A comparative study of galaxy evolution with four different active galactic nucleus torus models and two different host geometries

Abstract: Estimating physical quantities such as the star formation rate, stellar mass and active galactic nucleus (AGN) fraction of galaxies is a key step in understanding galaxy formation and evolution. In order to estimate the uncertainties in the predicted values for these quantities, in this paper we explore the impact of adopting four different AGN torus models in fitting the multi-wavelength spectral energy distributions (SED) of galaxies.
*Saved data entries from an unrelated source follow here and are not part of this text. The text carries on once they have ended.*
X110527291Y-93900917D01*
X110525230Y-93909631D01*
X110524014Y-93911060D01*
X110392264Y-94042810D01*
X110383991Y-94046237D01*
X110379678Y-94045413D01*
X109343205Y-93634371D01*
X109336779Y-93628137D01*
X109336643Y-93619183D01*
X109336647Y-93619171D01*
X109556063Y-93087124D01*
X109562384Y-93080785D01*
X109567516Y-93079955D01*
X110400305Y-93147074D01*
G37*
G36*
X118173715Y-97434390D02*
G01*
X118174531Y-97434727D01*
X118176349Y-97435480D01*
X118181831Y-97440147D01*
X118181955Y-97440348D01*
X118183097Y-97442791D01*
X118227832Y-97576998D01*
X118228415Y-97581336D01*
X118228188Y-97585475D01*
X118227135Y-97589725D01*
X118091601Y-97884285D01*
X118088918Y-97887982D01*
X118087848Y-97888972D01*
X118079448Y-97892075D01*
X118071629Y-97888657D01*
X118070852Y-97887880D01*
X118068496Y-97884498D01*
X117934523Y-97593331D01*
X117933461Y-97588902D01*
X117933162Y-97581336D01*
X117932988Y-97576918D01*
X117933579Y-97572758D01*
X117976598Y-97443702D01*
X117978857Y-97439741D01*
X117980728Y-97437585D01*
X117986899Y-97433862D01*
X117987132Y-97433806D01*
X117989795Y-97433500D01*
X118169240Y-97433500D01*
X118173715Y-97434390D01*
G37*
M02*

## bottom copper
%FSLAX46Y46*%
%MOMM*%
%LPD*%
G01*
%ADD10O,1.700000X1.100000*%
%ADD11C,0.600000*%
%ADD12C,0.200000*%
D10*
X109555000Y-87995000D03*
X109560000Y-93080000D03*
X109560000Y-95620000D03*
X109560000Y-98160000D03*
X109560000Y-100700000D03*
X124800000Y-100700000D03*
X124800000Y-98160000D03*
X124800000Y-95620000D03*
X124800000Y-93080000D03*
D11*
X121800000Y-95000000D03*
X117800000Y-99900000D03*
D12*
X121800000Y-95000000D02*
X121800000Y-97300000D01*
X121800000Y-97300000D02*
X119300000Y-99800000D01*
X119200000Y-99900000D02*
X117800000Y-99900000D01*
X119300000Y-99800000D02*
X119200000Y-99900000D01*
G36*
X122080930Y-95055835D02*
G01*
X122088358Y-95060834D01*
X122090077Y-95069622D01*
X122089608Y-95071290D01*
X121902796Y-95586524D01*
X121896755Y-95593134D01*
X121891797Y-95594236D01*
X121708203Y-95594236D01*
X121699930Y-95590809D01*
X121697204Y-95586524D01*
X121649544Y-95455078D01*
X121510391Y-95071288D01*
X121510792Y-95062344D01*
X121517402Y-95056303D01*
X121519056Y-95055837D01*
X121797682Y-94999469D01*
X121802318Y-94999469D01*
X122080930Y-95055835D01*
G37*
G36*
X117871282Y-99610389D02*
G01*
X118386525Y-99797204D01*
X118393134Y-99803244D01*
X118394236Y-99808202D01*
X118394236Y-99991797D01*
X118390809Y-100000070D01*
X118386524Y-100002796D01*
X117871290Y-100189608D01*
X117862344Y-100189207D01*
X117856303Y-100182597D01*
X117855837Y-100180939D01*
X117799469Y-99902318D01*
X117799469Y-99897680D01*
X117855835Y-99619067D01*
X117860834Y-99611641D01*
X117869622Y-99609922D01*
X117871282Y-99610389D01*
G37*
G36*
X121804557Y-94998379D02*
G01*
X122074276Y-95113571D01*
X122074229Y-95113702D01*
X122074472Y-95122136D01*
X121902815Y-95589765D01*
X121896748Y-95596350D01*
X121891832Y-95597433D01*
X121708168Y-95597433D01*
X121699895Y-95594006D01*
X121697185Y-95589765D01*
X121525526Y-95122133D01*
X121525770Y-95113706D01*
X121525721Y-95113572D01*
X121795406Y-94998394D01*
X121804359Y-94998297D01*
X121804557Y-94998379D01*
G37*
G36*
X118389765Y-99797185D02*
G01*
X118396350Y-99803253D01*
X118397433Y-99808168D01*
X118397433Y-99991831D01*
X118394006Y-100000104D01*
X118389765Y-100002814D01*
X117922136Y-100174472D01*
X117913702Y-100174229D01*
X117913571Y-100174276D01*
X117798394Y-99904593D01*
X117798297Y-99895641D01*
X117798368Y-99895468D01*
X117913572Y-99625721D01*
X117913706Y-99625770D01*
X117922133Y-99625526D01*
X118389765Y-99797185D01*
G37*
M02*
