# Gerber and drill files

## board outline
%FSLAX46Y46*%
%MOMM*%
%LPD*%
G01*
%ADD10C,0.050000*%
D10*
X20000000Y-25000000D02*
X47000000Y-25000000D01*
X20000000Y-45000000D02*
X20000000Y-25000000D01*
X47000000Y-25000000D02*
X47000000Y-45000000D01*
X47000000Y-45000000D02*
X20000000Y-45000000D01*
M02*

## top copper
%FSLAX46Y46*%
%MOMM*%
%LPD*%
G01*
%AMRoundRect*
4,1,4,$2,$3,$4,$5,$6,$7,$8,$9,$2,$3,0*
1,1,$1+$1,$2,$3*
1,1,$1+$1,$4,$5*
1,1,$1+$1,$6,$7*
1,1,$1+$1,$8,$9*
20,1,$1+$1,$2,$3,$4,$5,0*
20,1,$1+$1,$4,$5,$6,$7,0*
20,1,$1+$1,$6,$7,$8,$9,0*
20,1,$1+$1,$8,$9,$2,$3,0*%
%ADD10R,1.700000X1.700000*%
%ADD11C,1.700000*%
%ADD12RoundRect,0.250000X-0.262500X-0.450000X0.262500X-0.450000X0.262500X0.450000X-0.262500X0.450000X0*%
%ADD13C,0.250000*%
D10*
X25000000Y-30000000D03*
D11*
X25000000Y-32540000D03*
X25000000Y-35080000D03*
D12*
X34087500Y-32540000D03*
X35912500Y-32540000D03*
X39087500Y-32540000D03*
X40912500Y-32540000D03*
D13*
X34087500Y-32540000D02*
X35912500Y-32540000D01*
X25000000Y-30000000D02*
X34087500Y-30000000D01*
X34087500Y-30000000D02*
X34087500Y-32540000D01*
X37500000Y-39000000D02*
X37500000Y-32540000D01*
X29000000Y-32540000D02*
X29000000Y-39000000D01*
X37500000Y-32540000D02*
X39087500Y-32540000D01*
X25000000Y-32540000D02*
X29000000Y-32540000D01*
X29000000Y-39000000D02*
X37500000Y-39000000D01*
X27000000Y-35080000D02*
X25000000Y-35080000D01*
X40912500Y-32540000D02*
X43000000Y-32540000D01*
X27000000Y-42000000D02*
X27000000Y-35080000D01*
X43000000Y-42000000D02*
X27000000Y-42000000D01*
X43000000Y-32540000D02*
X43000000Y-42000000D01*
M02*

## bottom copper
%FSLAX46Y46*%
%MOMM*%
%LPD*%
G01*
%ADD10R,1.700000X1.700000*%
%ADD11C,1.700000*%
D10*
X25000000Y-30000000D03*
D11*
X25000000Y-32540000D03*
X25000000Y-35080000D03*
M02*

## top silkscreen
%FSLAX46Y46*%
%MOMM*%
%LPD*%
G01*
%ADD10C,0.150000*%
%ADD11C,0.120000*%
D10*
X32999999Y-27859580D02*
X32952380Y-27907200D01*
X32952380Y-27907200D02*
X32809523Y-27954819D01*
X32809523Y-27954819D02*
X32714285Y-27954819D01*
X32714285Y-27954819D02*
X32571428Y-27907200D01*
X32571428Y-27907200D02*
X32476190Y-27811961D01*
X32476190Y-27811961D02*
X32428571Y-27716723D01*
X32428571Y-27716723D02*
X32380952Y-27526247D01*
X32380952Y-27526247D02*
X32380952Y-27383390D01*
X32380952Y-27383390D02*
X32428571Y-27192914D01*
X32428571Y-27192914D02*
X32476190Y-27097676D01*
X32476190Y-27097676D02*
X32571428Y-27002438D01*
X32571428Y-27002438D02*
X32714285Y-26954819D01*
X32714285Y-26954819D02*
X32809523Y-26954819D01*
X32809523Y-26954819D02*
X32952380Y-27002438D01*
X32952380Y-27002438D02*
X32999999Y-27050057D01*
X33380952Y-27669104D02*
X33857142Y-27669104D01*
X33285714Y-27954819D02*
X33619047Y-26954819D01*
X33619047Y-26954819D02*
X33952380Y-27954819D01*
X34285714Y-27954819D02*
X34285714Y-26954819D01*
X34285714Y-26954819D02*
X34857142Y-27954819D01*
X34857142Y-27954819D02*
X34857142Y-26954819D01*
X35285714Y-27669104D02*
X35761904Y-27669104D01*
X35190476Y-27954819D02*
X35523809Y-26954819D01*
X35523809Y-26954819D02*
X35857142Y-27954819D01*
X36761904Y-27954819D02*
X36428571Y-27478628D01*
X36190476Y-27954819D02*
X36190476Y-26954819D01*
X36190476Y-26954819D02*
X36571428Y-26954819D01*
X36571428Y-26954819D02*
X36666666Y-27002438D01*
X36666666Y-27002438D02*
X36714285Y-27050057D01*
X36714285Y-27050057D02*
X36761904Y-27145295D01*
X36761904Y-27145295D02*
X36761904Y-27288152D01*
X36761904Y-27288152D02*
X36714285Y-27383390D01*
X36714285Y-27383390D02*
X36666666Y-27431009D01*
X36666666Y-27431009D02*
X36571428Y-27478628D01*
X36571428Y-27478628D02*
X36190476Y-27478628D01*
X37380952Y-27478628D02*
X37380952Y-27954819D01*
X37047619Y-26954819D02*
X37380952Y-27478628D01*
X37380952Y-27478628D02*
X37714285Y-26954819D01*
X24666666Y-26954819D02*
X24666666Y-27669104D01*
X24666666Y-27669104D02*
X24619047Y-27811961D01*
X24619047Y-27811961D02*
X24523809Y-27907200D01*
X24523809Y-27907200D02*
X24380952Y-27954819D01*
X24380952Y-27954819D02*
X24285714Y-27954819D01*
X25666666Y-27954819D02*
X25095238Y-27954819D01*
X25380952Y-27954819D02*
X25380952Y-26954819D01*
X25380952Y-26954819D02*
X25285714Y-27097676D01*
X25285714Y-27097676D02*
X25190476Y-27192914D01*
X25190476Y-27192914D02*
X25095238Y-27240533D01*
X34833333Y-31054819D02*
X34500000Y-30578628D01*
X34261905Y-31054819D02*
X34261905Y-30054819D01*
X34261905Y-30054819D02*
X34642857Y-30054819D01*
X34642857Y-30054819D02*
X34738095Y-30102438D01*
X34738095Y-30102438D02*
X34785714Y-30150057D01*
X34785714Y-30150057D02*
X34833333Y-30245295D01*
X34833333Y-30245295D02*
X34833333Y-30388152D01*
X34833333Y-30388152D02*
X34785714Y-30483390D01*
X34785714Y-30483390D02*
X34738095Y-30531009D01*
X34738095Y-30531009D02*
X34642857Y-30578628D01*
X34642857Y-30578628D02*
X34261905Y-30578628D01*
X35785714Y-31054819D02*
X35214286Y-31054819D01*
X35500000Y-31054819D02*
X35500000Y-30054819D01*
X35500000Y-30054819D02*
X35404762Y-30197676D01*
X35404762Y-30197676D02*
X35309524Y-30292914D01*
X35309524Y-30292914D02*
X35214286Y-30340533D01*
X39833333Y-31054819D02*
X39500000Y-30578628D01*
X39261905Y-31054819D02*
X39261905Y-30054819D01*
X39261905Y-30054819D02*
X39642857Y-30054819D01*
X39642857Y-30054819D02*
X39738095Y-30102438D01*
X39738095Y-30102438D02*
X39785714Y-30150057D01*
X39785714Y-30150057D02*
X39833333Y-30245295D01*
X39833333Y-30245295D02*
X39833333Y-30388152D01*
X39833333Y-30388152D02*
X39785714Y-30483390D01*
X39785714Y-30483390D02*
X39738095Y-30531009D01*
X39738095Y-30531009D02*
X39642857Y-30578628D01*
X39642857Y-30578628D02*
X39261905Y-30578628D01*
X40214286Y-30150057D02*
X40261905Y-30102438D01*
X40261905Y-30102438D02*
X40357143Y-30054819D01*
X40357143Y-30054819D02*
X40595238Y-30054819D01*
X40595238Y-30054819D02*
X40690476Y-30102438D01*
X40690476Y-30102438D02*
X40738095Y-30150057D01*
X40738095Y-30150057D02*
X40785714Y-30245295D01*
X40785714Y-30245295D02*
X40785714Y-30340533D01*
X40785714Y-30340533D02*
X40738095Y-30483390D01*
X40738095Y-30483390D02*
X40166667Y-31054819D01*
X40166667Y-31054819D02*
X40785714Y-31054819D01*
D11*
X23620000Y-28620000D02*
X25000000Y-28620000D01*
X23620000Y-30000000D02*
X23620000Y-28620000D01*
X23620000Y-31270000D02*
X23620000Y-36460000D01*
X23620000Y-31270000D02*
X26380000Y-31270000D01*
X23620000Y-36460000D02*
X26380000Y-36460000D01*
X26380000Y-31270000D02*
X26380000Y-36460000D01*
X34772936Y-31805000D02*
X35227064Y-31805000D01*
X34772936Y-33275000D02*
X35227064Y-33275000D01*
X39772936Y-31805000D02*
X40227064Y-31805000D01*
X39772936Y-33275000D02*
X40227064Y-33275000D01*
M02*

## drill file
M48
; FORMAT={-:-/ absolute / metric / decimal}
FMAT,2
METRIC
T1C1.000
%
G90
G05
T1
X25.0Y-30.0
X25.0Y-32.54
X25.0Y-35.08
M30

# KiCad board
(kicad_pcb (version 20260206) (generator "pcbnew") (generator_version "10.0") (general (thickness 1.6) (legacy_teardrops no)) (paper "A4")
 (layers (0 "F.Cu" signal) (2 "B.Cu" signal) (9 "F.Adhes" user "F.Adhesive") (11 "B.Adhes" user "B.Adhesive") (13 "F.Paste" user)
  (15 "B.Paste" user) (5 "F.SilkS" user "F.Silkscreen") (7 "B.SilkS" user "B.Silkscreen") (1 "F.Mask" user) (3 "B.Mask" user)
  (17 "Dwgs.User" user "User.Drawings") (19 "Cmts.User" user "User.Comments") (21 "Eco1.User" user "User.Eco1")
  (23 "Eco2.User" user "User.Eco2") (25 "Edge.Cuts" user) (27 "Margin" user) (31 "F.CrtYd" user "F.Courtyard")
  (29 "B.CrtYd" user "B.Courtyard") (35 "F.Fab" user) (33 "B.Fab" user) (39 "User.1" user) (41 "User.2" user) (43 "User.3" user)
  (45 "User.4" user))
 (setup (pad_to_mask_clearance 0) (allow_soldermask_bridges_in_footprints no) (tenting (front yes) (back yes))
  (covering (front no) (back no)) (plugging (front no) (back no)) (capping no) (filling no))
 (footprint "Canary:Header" (layer "F.Cu") (at 25 30)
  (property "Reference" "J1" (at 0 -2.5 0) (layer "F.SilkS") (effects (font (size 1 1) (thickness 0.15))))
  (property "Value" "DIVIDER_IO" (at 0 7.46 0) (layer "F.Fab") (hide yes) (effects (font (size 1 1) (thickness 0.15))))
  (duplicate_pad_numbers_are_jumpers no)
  (fp_line (start -1.38 -1.38) (end 0 -1.38) (stroke (width 0.12) (type solid)) (layer "F.SilkS"))
  (fp_line (start -1.38 0) (end -1.38 -1.38) (stroke (width 0.12) (type solid)) (layer "F.SilkS"))
  (fp_line (start -1.38 1.27) (end -1.38 6.46) (stroke (width 0.12) (type solid)) (layer "F.SilkS"))
  (fp_line (start -1.38 1.27) (end 1.38 1.27) (stroke (width 0.12) (type solid)) (layer "F.SilkS"))
  (fp_line (start -1.38 6.46) (end 1.38 6.46) (stroke (width 0.12) (type solid)) (layer "F.SilkS"))
  (fp_line (start 1.38 1.27) (end 1.38 6.46) (stroke (width 0.12) (type solid)) (layer "F.SilkS"))
  (pad "1" thru_hole rect (at 0 0) (size 1.7 1.7) (drill 1) (layers "*.Cu" "*.Mask") (remove_unused_layers no) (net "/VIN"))
  (pad "2" thru_hole circle (at 0 2.54) (size 1.7 1.7) (drill 1) (layers "*.Cu" "*.Mask") (remove_unused_layers no) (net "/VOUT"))
  (pad "3" thru_hole circle (at 0 5.08) (size 1.7 1.7) (drill 1) (layers "*.Cu" "*.Mask") (remove_unused_layers no) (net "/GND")))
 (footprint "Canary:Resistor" (layer "F.Cu") (at 35 32.54)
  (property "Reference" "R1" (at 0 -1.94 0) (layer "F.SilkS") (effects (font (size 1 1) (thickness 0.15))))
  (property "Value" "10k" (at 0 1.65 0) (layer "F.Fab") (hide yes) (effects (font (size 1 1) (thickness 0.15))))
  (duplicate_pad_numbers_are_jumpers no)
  (fp_line (start -0.227064 -0.735) (end 0.227064 -0.735) (stroke (width 0.12) (type solid)) (layer "F.SilkS"))
  (fp_line (start -0.227064 0.735) (end 0.227064 0.735) (stroke (width 0.12) (type solid)) (layer "F.SilkS"))
  (pad "1" smd roundrect (at -0.9125 0) (size 1.025 1.4) (layers "F.Cu" "F.Mask" "F.Paste") (roundrect_rratio 0.243902) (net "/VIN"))
  (pad "2" smd roundrect (at 0.9125 0) (size 1.025 1.4) (layers "F.Cu" "F.Mask" "F.Paste") (roundrect_rratio 0.243902) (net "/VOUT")))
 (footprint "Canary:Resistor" (layer "F.Cu") (at 40 32.54)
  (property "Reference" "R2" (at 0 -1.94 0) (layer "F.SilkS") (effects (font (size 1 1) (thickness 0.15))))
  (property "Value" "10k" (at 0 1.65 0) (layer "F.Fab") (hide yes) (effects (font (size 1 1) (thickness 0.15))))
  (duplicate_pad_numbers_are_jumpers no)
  (fp_line (start -0.227064 -0.735) (end 0.227064 -0.735) (stroke (width 0.12) (type solid)) (layer "F.SilkS"))
  (fp_line (start -0.227064 0.735) (end 0.227064 0.735) (stroke (width 0.12) (type solid)) (layer "F.SilkS"))
  (pad "1" smd roundrect (at -0.9125 0) (size 1.025 1.4) (layers "F.Cu" "F.Mask" "F.Paste") (roundrect_rratio 0.243902) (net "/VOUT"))
  (pad "2" smd roundrect (at 0.9125 0) (size 1.025 1.4) (layers "F.Cu" "F.Mask" "F.Paste") (roundrect_rratio 0.243902) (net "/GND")))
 (gr_line (start 20 25) (end 47 25) (stroke (width 0.05) (type default)) (layer "Edge.Cuts"))
 (gr_line (start 20 45) (end 20 25) (stroke (width 0.05) (type default)) (layer "Edge.Cuts"))
 (gr_line (start 47 25) (end 47 45) (stroke (width 0.05) (type default)) (layer "Edge.Cuts"))
 (gr_line (start 47 45) (end 20 45) (stroke (width 0.05) (type default)) (layer "Edge.Cuts"))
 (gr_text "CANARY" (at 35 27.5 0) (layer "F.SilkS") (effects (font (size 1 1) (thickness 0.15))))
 (segment (start 34.0875 32.54) (end 35.9125 32.54) (width 0.25) (layer "F.Cu") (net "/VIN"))
 (segment (start 25 30) (end 34.0875 30) (width 0.25) (layer "F.Cu") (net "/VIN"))
 (segment (start 34.0875 30) (end 34.0875 32.54) (width 0.25) (layer "F.Cu") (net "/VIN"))
 (segment (start 37.5 39) (end 37.5 32.54) (width 0.25) (layer "F.Cu") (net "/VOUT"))
 (segment (start 29 32.54) (end 29 39) (width 0.25) (layer "F.Cu") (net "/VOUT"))
 (segment (start 37.5 32.54) (end 39.0875 32.54) (width 0.25) (layer "F.Cu") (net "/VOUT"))
 (segment (start 25 32.54) (end 29 32.54) (width 0.25) (layer "F.Cu") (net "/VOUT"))
 (segment (start 29 39) (end 37.5 39) (width 0.25) (layer "F.Cu") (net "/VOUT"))
 (segment (start 27 35.08) (end 25 35.08) (width 0.25) (layer "F.Cu") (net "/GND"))
 (segment (start 40.9125 32.54) (end 43 32.54) (width 0.25) (layer "F.Cu") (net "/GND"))
 (segment (start 27 42) (end 27 35.08) (width 0.25) (layer "F.Cu") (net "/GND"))
 (segment (start 43 42) (end 27 42) (width 0.25) (layer "F.Cu") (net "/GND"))
 (segment (start 43 32.54) (end 43 42) (width 0.25) (layer "F.Cu") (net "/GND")))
We also explore the impact of adopting two different geometries for the host, a spheroidal geometry, more appropriate for late-stage mergers, and a disc geometry, more appropriate for galaxies forming stars with secular processes. We use optical to submillimeter photometry from the Herschel Extragalactic Legacy Project (HELP) and utilize a Markov chain Monte Carlo SED-fitting code. We use exclusively radiative transfer models for the AGN torus as well as for the starburst and host galaxy. We concentrate on a sample of 200 galaxies at z~2, selected in the ELAIS-N1 field. All galaxies have a detection at 250um which ensures the presence of a starburst. We find that the stellar mass and star formation rate of the galaxies can be robustly estimated by the SED fitting but the AGN fraction depends very much on the adopted torus model. We also find that the vast majority of the galaxies in our sample are better fitted by a spheroidal geometry and lie above the main sequence. Our method predicts systematically higher SFR and lower stellar mass than the popular energy balance method CIGALE.